*Material provided:*

- - -

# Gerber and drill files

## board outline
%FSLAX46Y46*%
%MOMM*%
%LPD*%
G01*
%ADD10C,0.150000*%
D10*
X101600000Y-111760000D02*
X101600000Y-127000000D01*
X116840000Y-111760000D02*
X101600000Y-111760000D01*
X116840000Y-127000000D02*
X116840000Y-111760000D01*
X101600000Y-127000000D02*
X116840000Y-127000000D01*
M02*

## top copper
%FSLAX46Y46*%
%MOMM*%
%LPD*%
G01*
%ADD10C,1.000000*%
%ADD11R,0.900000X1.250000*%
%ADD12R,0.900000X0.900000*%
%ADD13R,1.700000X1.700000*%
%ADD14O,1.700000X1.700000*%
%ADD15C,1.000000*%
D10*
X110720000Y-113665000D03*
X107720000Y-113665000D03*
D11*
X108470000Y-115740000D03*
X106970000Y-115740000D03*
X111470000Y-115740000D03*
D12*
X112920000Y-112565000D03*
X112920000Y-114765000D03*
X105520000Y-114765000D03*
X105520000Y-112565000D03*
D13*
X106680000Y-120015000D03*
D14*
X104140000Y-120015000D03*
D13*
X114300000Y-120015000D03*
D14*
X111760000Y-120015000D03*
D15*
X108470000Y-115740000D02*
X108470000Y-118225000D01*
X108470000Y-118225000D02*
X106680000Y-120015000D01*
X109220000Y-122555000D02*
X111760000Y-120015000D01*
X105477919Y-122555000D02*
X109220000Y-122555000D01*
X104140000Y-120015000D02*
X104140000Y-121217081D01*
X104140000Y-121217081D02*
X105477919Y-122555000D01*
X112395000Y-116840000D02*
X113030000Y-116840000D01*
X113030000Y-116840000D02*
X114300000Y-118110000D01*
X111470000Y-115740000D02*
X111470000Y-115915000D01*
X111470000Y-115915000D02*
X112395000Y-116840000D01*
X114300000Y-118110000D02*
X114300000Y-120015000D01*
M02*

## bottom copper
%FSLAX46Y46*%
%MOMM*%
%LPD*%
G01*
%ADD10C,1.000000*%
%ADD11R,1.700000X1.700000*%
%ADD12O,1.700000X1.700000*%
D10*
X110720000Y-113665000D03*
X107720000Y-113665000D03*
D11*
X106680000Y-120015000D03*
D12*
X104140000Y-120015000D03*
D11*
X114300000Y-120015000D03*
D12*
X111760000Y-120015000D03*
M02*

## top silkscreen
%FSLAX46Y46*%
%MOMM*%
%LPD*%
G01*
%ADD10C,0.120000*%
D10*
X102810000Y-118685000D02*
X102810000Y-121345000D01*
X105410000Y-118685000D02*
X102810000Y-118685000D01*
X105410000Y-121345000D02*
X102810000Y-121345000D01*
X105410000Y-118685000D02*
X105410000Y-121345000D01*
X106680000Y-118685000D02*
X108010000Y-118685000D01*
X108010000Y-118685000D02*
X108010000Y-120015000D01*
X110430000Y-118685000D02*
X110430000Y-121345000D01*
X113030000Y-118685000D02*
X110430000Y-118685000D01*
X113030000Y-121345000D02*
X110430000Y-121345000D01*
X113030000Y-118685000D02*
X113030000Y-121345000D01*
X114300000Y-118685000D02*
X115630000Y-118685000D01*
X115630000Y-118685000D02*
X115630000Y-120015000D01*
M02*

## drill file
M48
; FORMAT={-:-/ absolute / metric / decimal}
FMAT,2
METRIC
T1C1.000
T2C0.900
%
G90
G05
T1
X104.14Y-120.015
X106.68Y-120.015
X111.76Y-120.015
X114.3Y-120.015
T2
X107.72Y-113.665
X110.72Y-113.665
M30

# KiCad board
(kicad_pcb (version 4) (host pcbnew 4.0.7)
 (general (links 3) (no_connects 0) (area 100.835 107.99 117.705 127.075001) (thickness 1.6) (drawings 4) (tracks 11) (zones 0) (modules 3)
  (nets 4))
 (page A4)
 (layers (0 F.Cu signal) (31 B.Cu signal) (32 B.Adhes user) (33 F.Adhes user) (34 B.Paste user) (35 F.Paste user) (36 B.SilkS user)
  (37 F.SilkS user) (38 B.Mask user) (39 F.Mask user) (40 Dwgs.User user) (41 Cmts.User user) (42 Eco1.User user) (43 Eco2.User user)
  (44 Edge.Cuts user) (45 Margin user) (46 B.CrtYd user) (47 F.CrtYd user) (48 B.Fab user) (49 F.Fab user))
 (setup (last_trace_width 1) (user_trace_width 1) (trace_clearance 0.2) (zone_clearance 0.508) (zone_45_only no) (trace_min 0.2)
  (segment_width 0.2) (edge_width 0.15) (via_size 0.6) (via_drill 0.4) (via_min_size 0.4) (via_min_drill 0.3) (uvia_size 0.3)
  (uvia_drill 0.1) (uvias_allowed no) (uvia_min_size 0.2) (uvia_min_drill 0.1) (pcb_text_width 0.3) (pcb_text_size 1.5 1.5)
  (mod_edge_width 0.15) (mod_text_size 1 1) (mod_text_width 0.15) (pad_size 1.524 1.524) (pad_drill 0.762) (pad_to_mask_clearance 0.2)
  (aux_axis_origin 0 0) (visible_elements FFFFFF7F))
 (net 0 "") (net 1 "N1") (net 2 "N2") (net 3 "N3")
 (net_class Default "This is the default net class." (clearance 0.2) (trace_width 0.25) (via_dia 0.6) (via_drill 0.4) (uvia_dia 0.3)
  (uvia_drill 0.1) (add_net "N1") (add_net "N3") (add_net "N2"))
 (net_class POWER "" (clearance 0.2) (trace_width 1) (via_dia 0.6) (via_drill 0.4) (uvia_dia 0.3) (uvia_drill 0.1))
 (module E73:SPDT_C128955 (layer F.Cu) (at 109.22 113.665)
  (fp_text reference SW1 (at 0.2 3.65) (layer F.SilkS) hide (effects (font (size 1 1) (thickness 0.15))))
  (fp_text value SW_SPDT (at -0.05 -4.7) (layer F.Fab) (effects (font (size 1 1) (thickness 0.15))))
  (pad "" np_thru_hole circle (at 1.5 0) (size 1 1) (drill 0.9) (layers *.Cu *.Mask))
  (pad "" np_thru_hole circle (at -1.5 0) (size 1 1) (drill 0.9) (layers *.Cu *.Mask))
  (pad 2 smd rect (at -0.75 2.075) (size 0.9 1.25) (layers F.Cu F.Paste F.Mask) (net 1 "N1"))
  (pad 3 smd rect (at -2.25 2.075) (size 0.9 1.25) (layers F.Cu F.Paste F.Mask))
  (pad 1 smd rect (at 2.25 2.075) (size 0.9 1.25) (layers F.Cu F.Paste F.Mask) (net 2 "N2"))
  (pad 0 smd rect (at 3.7 -1.1) (size 0.9 0.9) (layers F.Cu F.Paste F.Mask))
  (pad 0 smd rect (at 3.7 1.1) (size 0.9 0.9) (layers F.Cu F.Paste F.Mask))
  (pad 0 smd rect (at -3.7 1.1) (size 0.9 0.9) (layers F.Cu F.Paste F.Mask))
  (pad 0 smd rect (at -3.7 -1.1) (size 0.9 0.9) (layers F.Cu F.Paste F.Mask)))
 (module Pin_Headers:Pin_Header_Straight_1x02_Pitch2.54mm (layer F.Cu) (at 106.68 120.015 270)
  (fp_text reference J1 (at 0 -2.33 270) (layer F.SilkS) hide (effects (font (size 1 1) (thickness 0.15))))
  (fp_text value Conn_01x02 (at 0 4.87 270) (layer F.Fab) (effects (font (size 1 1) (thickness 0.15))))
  (fp_line (start -1.33 3.87) (end 1.33 3.87) (layer F.SilkS) (width 0.12))
  (fp_line (start -1.33 1.27) (end -1.33 3.87) (layer F.SilkS) (width 0.12))
  (fp_line (start 1.33 1.27) (end 1.33 3.87) (layer F.SilkS) (width 0.12))
  (fp_line (start -1.33 1.27) (end 1.33 1.27) (layer F.SilkS) (width 0.12))
  (fp_line (start -1.33 0) (end -1.33 -1.33) (layer F.SilkS) (width 0.12))
  (fp_line (start -1.33 -1.33) (end 0 -1.33) (layer F.SilkS) (width 0.12))
  (pad 1 thru_hole rect (at 0 0 270) (size 1.7 1.7) (drill 1) (layers *.Cu *.Mask) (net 1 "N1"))
  (pad 2 thru_hole oval (at 0 2.54 270) (size 1.7 1.7) (drill 1) (layers *.Cu *.Mask) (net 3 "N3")))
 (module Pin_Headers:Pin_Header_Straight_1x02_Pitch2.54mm (layer F.Cu) (at 114.3 120.015 270)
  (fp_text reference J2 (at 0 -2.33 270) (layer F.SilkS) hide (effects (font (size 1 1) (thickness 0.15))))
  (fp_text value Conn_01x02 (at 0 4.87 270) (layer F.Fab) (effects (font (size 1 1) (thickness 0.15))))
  (fp_line (start -1.33 3.87) (end 1.33 3.87) (layer F.SilkS) (width 0.12))
  (fp_line (start -1.33 1.27) (end -1.33 3.87) (layer F.SilkS) (width 0.12))
  (fp_line (start 1.33 1.27) (end 1.33 3.87) (layer F.SilkS) (width 0.12))
  (fp_line (start -1.33 1.27) (end 1.33 1.27) (layer F.SilkS) (width 0.12))
  (fp_line (start -1.33 0) (end -1.33 -1.33) (layer F.SilkS) (width 0.12))
  (fp_line (start -1.33 -1.33) (end 0 -1.33) (layer F.SilkS) (width 0.12))
  (pad 1 thru_hole rect (at 0 0 270) (size 1.7 1.7) (drill 1) (layers *.Cu *.Mask) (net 2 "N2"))
  (pad 2 thru_hole oval (at 0 2.54 270) (size 1.7 1.7) (drill 1) (layers *.Cu *.Mask) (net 3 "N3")))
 (gr_line (start 101.6 111.76) (end 101.6 127) (layer Edge.Cuts) (width 0.15))
 (gr_line (start 116.84 111.76) (end 101.6 111.76) (layer Edge.Cuts) (width 0.15))
 (gr_line (start 116.84 127) (end 116.84 111.76) (layer Edge.Cuts) (width 0.15))
 (gr_line (start 101.6 127) (end 116.84 127) (layer Edge.Cuts) (width 0.15))
 (segment (start 108.47 115.74) (end 108.47 118.225) (width 1) (layer F.Cu) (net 1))
 (segment (start 108.47 118.225) (end 106.68 120.015) (width 1) (layer F.Cu) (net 1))
 (segment (start 109.22 122.555) (end 111.76 120.015) (width 1) (layer F.Cu) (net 3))
 (segment (start 105.477919 122.555) (end 109.22 122.555) (width 1) (layer F.Cu) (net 3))
 (segment (start 104.14 120.015) (end 104.14 121.217081) (width 1) (layer F.Cu) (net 3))
 (segment (start 104.14 121.217081) (end 105.477919 122.555) (width 1) (layer F.Cu) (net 3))
 (segment (start 112.395 116.84) (end 113.03 116.84) (width 1) (layer F.Cu) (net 2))
 (segment (start 113.03 116.84) (end 114.3 118.11) (width 1) (layer F.Cu) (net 2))
 (segment (start 111.47 115.74) (end 111.47 115.915) (width 1) (layer F.Cu) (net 2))
 (segment (start 111.47 115.915) (end 112.395 116.84) (width 1) (layer F.Cu) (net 2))
 (segment (start 114.3 118.11) (end 114.3 120.015) (width 1) (layer F.Cu) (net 2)))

- - -

*Task to carry out:*
From the entries above, return exactly the line containing "X112395000Y-116840000D02*", the line containing "(37 F.SilkS user)", and all lines between, and nothing else.

*Your solution:*
X112395000Y-116840000D02*
X113030000Y-116840000D01*
X113030000Y-116840000D02*
X114300000Y-118110000D01*
X111470000Y-115740000D02*
X111470000Y-115915000D01*
X111470000Y-115915000D02*
X112395000Y-116840000D01*
X114300000Y-118110000D02*
X114300000Y-120015000D01*
M02*

## bottom copper
%FSLAX46Y46*%
%MOMM*%
%LPD*%
G01*
%ADD10C,1.000000*%
%ADD11R,1.700000X1.700000*%
%ADD12O,1.700000X1.700000*%
D10*
X110720000Y-113665000D03*
X107720000Y-113665000D03*
D11*
X106680000Y-120015000D03*
D12*
X104140000Y-120015000D03*
D11*
X114300000Y-120015000D03*
D12*
X111760000Y-120015000D03*
M02*

## top silkscreen
%FSLAX46Y46*%
%MOMM*%
%LPD*%
G01*
%ADD10C,0.120000*%
D10*
X102810000Y-118685000D02*
X102810000Y-121345000D01*
X105410000Y-118685000D02*
X102810000Y-118685000D01*
X105410000Y-121345000D02*
X102810000Y-121345000D01*
X105410000Y-118685000D02*
X105410000Y-121345000D01*
X106680000Y-118685000D02*
X108010000Y-118685000D01*
X108010000Y-118685000D02*
X108010000Y-120015000D01*
X110430000Y-118685000D02*
X110430000Y-121345000D01*
X113030000Y-118685000D02*
X110430000Y-118685000D01*
X113030000Y-121345000D02*
X110430000Y-121345000D01*
X113030000Y-118685000D02*
X113030000Y-121345000D01*
X114300000Y-118685000D02*
X115630000Y-118685000D01*
X115630000Y-118685000D02*
X115630000Y-120015000D01*
M02*

## drill file
M48
; FORMAT={-:-/ absolute / metric / decimal}
FMAT,2
METRIC
T1C1.000
T2C0.900
%
G90
G05
T1
X104.14Y-120.015
X106.68Y-120.015
X111.76Y-120.015
X114.3Y-120.015
T2
X107.72Y-113.665
X110.72Y-113.665
M30

# KiCad board
(kicad_pcb (version 4) (host pcbnew 4.0.7)
 (general (links 3) (no_connects 0) (area 100.835 107.99 117.705 127.075001) (thickness 1.6) (drawings 4) (tracks 11) (zones 0) (modules 3)
  (nets 4))
 (page A4)
 (layers (0 F.Cu signal) (31 B.Cu signal) (32 B.Adhes user) (33 F.Adhes user) (34 B.Paste user) (35 F.Paste user) (36 B.SilkS user)
  (37 F.SilkS user) (38 B.Mask user) (39 F.Mask user) (40 Dwgs.User user) (41 Cmts.User user) (42 Eco1.User user) (43 Eco2.User user)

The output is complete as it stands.